Colony Formation Assay
Colony formation assay was performed by crystal violet BLM6, and BLM14 cells were transfected with siControl, siGABPA, and siBRD4. After 24 hours, 500 cells were seeded into a 6-well plate. Culture media were refreshed every 2 days, and after 7 days, cells were fixed with 75% ethanol for 30 minutes and stained with 0.2% crystal violet dye.
Immunofluorescence
ALT-associated PML bodies were visualized via TRF2 and PML immunofluorescence staining. Cells were grown on chamber slides (Millipore EZ slides) and fixed with 4% paraformaldehyde for 10 minutes at room temperature. After washing with PBS, cells were permeabilized with 0.2% Triton X-100 solution in PBS for 5 minutes at room temperature and were blocked with PBS supplemented with 0.2% Triton X-100 and 1% BSA (blocking buffer) for 30 minutes at room temperature. Following incubation, cells were incubated with the primary antibodies TRF2 (Millipore; 05-521) and PML (Santa Cruz Biotechnology; sc-5621), 1/200 and 1/150 dilutions, respectively, in blocking buffer overnight at 4°C. Cells were washed 4 times with blocking buffer for 8 minutes and incubated with secondary antibodies AF488 and AF555 (1/2,000 dilution; Invitrogen; A11001 and A21428) for 1 hour at room temperature. After cells were washed 4 times, image acquisition was performed with Zeiss LSM800, Plan-Apochromat 63x/1.40 aperture of the objective lenses.
Statistical Analysis
The Student t test (two-tailed) was performed to determine the significance of difference for ChIP-qPCR, qPCR, and RT-TRAP experiments. Results of each ChIP, gene expression, 4C, and 3C assays were obtained from at least two or three independent experiments, as indicated in the figure legends.
Accession Numbers
All data have been uploaded to GEO (GSE77265).

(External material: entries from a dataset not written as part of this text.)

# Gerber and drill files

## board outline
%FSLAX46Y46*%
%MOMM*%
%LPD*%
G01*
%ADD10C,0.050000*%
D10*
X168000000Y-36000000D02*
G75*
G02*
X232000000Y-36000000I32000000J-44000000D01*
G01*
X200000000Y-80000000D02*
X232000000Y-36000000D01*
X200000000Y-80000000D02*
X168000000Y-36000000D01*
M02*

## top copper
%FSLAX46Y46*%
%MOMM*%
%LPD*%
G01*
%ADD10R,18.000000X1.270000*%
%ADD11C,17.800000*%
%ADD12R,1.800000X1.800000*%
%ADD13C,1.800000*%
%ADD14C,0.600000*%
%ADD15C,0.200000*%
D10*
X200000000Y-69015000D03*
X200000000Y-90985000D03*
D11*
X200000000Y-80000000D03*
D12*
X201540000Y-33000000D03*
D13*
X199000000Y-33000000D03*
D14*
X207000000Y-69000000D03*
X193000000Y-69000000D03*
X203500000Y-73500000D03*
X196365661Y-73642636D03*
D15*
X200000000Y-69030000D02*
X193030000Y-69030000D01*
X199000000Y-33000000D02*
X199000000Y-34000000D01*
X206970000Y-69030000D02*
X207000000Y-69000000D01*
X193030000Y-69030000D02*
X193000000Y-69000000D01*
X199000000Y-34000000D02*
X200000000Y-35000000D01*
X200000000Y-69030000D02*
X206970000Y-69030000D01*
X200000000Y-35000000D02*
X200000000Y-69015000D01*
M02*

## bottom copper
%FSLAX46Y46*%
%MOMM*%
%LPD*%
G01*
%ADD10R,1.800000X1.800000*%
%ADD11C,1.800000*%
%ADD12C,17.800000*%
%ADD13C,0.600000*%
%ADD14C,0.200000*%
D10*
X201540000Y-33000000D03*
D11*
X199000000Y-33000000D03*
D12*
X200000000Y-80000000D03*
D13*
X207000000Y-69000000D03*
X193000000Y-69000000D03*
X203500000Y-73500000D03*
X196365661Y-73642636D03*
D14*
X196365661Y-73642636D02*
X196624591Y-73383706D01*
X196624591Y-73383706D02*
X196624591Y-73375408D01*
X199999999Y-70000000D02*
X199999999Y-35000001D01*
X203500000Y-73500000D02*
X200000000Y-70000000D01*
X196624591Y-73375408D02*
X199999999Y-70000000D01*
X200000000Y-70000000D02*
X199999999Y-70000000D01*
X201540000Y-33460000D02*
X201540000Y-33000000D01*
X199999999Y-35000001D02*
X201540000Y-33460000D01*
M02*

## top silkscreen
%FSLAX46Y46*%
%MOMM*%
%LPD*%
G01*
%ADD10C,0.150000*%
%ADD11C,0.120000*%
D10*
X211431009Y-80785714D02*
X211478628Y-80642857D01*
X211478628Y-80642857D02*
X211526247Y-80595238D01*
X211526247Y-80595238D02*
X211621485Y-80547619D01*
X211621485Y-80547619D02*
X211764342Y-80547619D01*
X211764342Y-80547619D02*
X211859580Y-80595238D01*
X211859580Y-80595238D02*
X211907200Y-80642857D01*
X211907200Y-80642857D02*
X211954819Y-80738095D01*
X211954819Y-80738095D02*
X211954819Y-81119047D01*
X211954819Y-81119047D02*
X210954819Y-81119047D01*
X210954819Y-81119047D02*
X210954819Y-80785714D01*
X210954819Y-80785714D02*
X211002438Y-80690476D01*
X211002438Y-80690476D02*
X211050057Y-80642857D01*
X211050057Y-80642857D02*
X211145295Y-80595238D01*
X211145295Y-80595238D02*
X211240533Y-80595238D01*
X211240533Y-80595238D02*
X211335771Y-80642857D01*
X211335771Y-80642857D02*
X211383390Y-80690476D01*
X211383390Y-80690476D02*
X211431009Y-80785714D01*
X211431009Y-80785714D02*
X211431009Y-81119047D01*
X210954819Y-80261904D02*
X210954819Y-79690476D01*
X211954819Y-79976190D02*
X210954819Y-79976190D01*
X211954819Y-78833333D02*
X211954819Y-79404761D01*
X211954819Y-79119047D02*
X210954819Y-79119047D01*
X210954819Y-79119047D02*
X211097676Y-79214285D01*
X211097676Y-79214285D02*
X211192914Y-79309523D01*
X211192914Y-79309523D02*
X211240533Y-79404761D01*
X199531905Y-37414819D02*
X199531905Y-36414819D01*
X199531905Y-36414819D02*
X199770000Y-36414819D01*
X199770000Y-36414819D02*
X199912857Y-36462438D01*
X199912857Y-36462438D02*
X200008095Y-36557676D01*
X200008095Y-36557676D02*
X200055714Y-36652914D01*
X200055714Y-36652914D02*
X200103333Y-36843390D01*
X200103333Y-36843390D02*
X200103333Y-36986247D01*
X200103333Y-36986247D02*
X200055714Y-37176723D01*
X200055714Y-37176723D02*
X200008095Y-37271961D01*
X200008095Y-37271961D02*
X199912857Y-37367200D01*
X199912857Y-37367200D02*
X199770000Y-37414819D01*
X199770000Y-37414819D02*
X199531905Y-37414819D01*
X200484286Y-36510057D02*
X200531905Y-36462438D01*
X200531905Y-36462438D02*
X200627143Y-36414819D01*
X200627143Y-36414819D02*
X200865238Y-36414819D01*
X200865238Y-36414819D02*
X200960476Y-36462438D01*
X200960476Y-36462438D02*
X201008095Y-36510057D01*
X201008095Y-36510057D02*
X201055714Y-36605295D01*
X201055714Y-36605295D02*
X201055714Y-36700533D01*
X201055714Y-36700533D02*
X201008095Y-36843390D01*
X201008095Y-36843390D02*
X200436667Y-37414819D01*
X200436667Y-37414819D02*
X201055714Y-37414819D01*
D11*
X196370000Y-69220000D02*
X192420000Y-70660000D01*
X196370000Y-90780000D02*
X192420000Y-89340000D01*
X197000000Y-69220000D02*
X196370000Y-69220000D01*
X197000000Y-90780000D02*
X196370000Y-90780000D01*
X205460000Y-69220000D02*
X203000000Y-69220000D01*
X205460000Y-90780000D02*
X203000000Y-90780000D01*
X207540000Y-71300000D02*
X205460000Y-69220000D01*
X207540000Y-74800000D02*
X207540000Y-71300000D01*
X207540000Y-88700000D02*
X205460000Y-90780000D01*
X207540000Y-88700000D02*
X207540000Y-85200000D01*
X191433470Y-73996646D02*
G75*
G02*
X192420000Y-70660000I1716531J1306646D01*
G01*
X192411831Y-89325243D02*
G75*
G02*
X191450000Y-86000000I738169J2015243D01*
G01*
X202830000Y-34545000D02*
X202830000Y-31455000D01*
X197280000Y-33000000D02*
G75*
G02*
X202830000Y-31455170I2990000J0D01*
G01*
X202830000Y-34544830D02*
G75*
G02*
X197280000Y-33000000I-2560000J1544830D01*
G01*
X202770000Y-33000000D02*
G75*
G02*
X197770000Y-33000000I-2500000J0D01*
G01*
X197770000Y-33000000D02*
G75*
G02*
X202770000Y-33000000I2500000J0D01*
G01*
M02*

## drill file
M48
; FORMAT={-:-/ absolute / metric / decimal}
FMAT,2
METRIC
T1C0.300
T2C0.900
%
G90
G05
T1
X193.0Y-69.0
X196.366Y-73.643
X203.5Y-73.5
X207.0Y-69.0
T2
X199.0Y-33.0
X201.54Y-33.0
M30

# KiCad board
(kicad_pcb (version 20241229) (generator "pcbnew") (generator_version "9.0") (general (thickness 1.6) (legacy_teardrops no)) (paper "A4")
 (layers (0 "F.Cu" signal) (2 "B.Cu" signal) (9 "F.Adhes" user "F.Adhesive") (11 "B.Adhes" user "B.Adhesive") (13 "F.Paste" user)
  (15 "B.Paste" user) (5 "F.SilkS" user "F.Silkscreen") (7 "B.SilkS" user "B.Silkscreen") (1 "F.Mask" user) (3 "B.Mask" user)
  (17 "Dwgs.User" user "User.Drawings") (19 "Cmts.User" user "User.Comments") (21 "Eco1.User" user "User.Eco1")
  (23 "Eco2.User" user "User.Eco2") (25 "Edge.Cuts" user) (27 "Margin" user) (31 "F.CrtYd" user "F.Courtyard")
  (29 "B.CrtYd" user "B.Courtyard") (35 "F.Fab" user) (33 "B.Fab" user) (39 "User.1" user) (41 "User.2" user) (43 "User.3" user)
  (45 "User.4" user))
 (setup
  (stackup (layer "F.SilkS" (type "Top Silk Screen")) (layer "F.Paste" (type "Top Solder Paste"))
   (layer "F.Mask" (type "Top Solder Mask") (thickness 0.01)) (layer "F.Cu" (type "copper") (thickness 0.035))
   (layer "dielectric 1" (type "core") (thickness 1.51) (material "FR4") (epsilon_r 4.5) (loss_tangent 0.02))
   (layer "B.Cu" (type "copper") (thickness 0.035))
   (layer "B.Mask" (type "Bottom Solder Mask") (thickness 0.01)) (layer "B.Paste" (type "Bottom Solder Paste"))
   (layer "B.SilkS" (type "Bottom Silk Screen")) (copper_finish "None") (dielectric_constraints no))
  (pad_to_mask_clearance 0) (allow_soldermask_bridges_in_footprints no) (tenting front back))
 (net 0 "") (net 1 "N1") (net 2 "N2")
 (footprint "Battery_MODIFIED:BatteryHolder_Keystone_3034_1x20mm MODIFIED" (layer "F.Cu") (at 200 80 -90)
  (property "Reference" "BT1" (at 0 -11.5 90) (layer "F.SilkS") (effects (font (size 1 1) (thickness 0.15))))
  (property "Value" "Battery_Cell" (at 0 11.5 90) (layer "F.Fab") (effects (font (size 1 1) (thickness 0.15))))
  (fp_line (start -10.78 3.63) (end -9.34 7.58) (stroke (width 0.12) (type solid)) (layer "F.SilkS"))
  (fp_line (start 10.78 3.63) (end 9.34 7.58) (stroke (width 0.12) (type solid)) (layer "F.SilkS"))
  (fp_line (start -10.78 3) (end -10.78 3.63) (stroke (width 0.12) (type solid)) (layer "F.SilkS"))
  (fp_line (start 10.78 3) (end 10.78 3.63) (stroke (width 0.12) (type solid)) (layer "F.SilkS"))
  (fp_line (start -10.78 -5.46) (end -10.78 -3) (stroke (width 0.12) (type solid)) (layer "F.SilkS"))
  (fp_line (start 10.78 -5.46) (end 10.78 -3) (stroke (width 0.12) (type solid)) (layer "F.SilkS"))
  (fp_line (start -8.7 -7.54) (end -10.78 -5.46) (stroke (width 0.12) (type solid)) (layer "F.SilkS"))
  (fp_line (start -5.2 -7.54) (end -8.7 -7.54) (stroke (width 0.12) (type solid)) (layer "F.SilkS"))
  (fp_line (start 8.7 -7.54) (end 10.78 -5.46) (stroke (width 0.12) (type solid)) (layer "F.SilkS"))
  (fp_line (start 8.7 -7.54) (end 5.2 -7.54) (stroke (width 0.12) (type solid)) (layer "F.SilkS"))
  (fp_arc (start -6.003354 8.56653) (mid -7.921654 8.918738) (end -9.34 7.58) (stroke (width 0.12) (type solid)) (layer "F.SilkS"))
  (fp_arc (start 9.325243 7.588169) (mid 7.90634 8.911668) (end 6 8.55) (stroke (width 0.12) (type solid)) (layer "F.SilkS"))
  (pad "1" smd rect (at -10.985 0 270) (size 1.27 18) (layers "F.Cu" "F.Mask" "F.Paste") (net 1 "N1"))
  (pad "1" smd rect (at 10.985 0 270) (size 1.27 18) (layers "F.Cu" "F.Mask" "F.Paste") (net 1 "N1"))
  (pad "2" smd circle (at 0 0 270) (size 17.8 17.8) (layers "F.Cu" "F.Mask") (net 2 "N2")))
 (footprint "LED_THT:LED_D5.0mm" (layer "F.Cu") (at 201.54 33 180)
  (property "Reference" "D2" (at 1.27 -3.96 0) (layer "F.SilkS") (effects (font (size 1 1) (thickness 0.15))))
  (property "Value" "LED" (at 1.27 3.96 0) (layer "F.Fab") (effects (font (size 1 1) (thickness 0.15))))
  (fp_line (start -1.29 -1.545) (end -1.29 1.545) (stroke (width 0.12) (type solid)) (layer "F.SilkS"))
  (fp_arc (start 4.26 0) (mid 2.071779 2.880495) (end -1.29 1.54483) (stroke (width 0.12) (type solid)) (layer "F.SilkS"))
  (fp_arc (start -1.29 -1.54483) (mid 2.071779 -2.880495) (end 4.26 0) (stroke (width 0.12) (type solid)) (layer "F.SilkS"))
  (fp_circle (center 1.27 0) (end 3.77 0) (stroke (width 0.12) (type solid)) (fill no) (layer "F.SilkS"))
  (pad "1" thru_hole rect (at 0 0 180) (size 1.8 1.8) (drill 0.9) (layers "*.Cu" "*.Mask") (remove_unused_layers no) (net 2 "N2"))
  (pad "2" thru_hole circle (at 2.54 0 180) (size 1.8 1.8) (drill 0.9) (layers "*.Cu" "*.Mask") (remove_unused_layers no) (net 1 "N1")))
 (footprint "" (layer "B.Cu") (at 200 80 180)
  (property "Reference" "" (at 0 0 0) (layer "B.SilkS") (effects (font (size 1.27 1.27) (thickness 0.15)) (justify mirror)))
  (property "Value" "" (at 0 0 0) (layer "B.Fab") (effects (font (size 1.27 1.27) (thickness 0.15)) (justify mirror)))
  (pad "2" smd circle (at 0 0 90) (size 17.8 17.8) (layers "B.Cu" "B.Mask") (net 2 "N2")))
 (gr_arc (start 168 36) (mid 200 25.594118) (end 232 36) (stroke (width 0.05) (type default)) (layer "Edge.Cuts"))
 (gr_line (start 200 80) (end 232 36) (stroke (width 0.05) (type default)) (layer "Edge.Cuts"))
 (gr_line (start 200 80) (end 168 36) (stroke (width 0.05) (type default)) (layer "Edge.Cuts"))
 (segment (start 200 69.03) (end 193.03 69.03) (width 0.2) (layer "F.Cu") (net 1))
 (segment (start 199 33) (end 199 34) (width 0.2) (layer "F.Cu") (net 1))
 (segment (start 206.97 69.03) (end 207 69) (width 0.2) (layer "F.Cu") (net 1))
 (segment (start 193.03 69.03) (end 193 69) (width 0.2) (layer "F.Cu") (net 1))
 (segment (start 199 34) (end 200 35) (width 0.2) (layer "F.Cu") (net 1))
 (segment (start 200 69.03) (end 206.97 69.03) (width 0.2) (layer "F.Cu") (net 1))
 (segment (start 200 35) (end 200 69.015) (width 0.2) (layer "F.Cu") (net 1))
 (via (at 207 69) (size 0.6) (drill 0.3) (layers "F.Cu" "B.Cu") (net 1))
 (via (at 193 69) (size 0.6) (drill 0.3) (layers "F.Cu" "B.Cu") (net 1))
 (via (at 203.5 73.5) (size 0.6) (drill 0.3) (layers "F.Cu" "B.Cu") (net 2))
 (via (at 196.365661 73.642636) (size 0.6) (drill 0.3) (layers "F.Cu" "B.Cu") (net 2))
 (segment (start 196.365661 73.642636) (end 196.624591 73.383706) (width 0.2) (layer "B.Cu") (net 2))
 (segment (start 196.624591 73.383706) (end 196.624591 73.375408) (width 0.2) (layer "B.Cu") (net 2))
 (segment (start 199.999999 70) (end 199.999999 35.000001) (width 0.2) (layer "B.Cu") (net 2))
 (segment (start 203.5 73.5) (end 200 70) (width 0.2) (layer "B.Cu") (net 2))
 (segment (start 196.624591 73.375408) (end 199.999999 70) (width 0.2) (layer "B.Cu") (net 2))
 (segment (start 200 70) (end 199.999999 70) (width 0.2) (layer "B.Cu") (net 2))
 (segment (start 201.54 33.46) (end 201.54 33) (width 0.2) (layer "B.Cu") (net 2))
 (segment (start 199.999999 35.000001) (end 201.54 33.46) (width 0.2) (layer "B.Cu") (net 2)))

Disclosure of Potential Conflicts of Interest
No potential conflicts of interest were disclosed.
Authors' Contributions
Conception and design: S.C. Akıncılar, E. Khattar, V. Tergaonkar
Development of methodology: S.C. Akıncılar
Acquisition of data (provided animals, acquired and managed patients, provided facilities, etc.): S.C. Akıncılar, B. Unal
Analysis and interpretation of data (e.g., statistical analysis, biostatistics, computational analysis): S.C. Akıncılar, E. Khattar, P.L.S. Boon, M.J. Fullwood, V. Tergaonkar
Writing, review, and/or revision of the manuscript: S.C. Akıncılar, E. Khattar, P.L.S. Boon, B. Unal, M.J. Fullwood, V. Tergaonkar
Administrative, technical, or material support (i.e., reporting or organizing data, constructing databases): S.C. Akıncılar, V. Tergaonkar
Study supervision: V. Tergaonkar
Acknowledgments
S.C. Akıncılar and B. Unal are supported by the SINGA scholarship. We thank the Agency for Science Technology and Research, Singapore (A*STAR) for funding and support to the V. Tergaonkar laboratory. We thank Phua Qian Hua for her help during the genotyping process and Dr. Shang Li (DUKE-NUS Medical School, Singapore) for the southern blot telomere length experiment.
Grant Support
This work was supported by the core budget from the Institute of Molecular and Cell Biology (IMCB), Singapore. P.L.S. Boon and M.J. Fullwood are supported by the National Research Foundation (NRF) Singapore through an NRF Fellowship awarded to M.J. Fullwood (NRF-NRFF2012-054) and Nanyang Technological University School of Biological Sciences start-up funds awarded to M.J. Fullwood, as well as by funding given to the Cancer Science Institute, National University of Singapore (NUS), by the NRF and the Ministry of Education, Singapore, under the Research Center of Excellence funding, and the RNA Biology Center at the Cancer Science Institute of Singapore, NUS, as part of funding under the Singapore Ministry of Education's Tier 3 grants.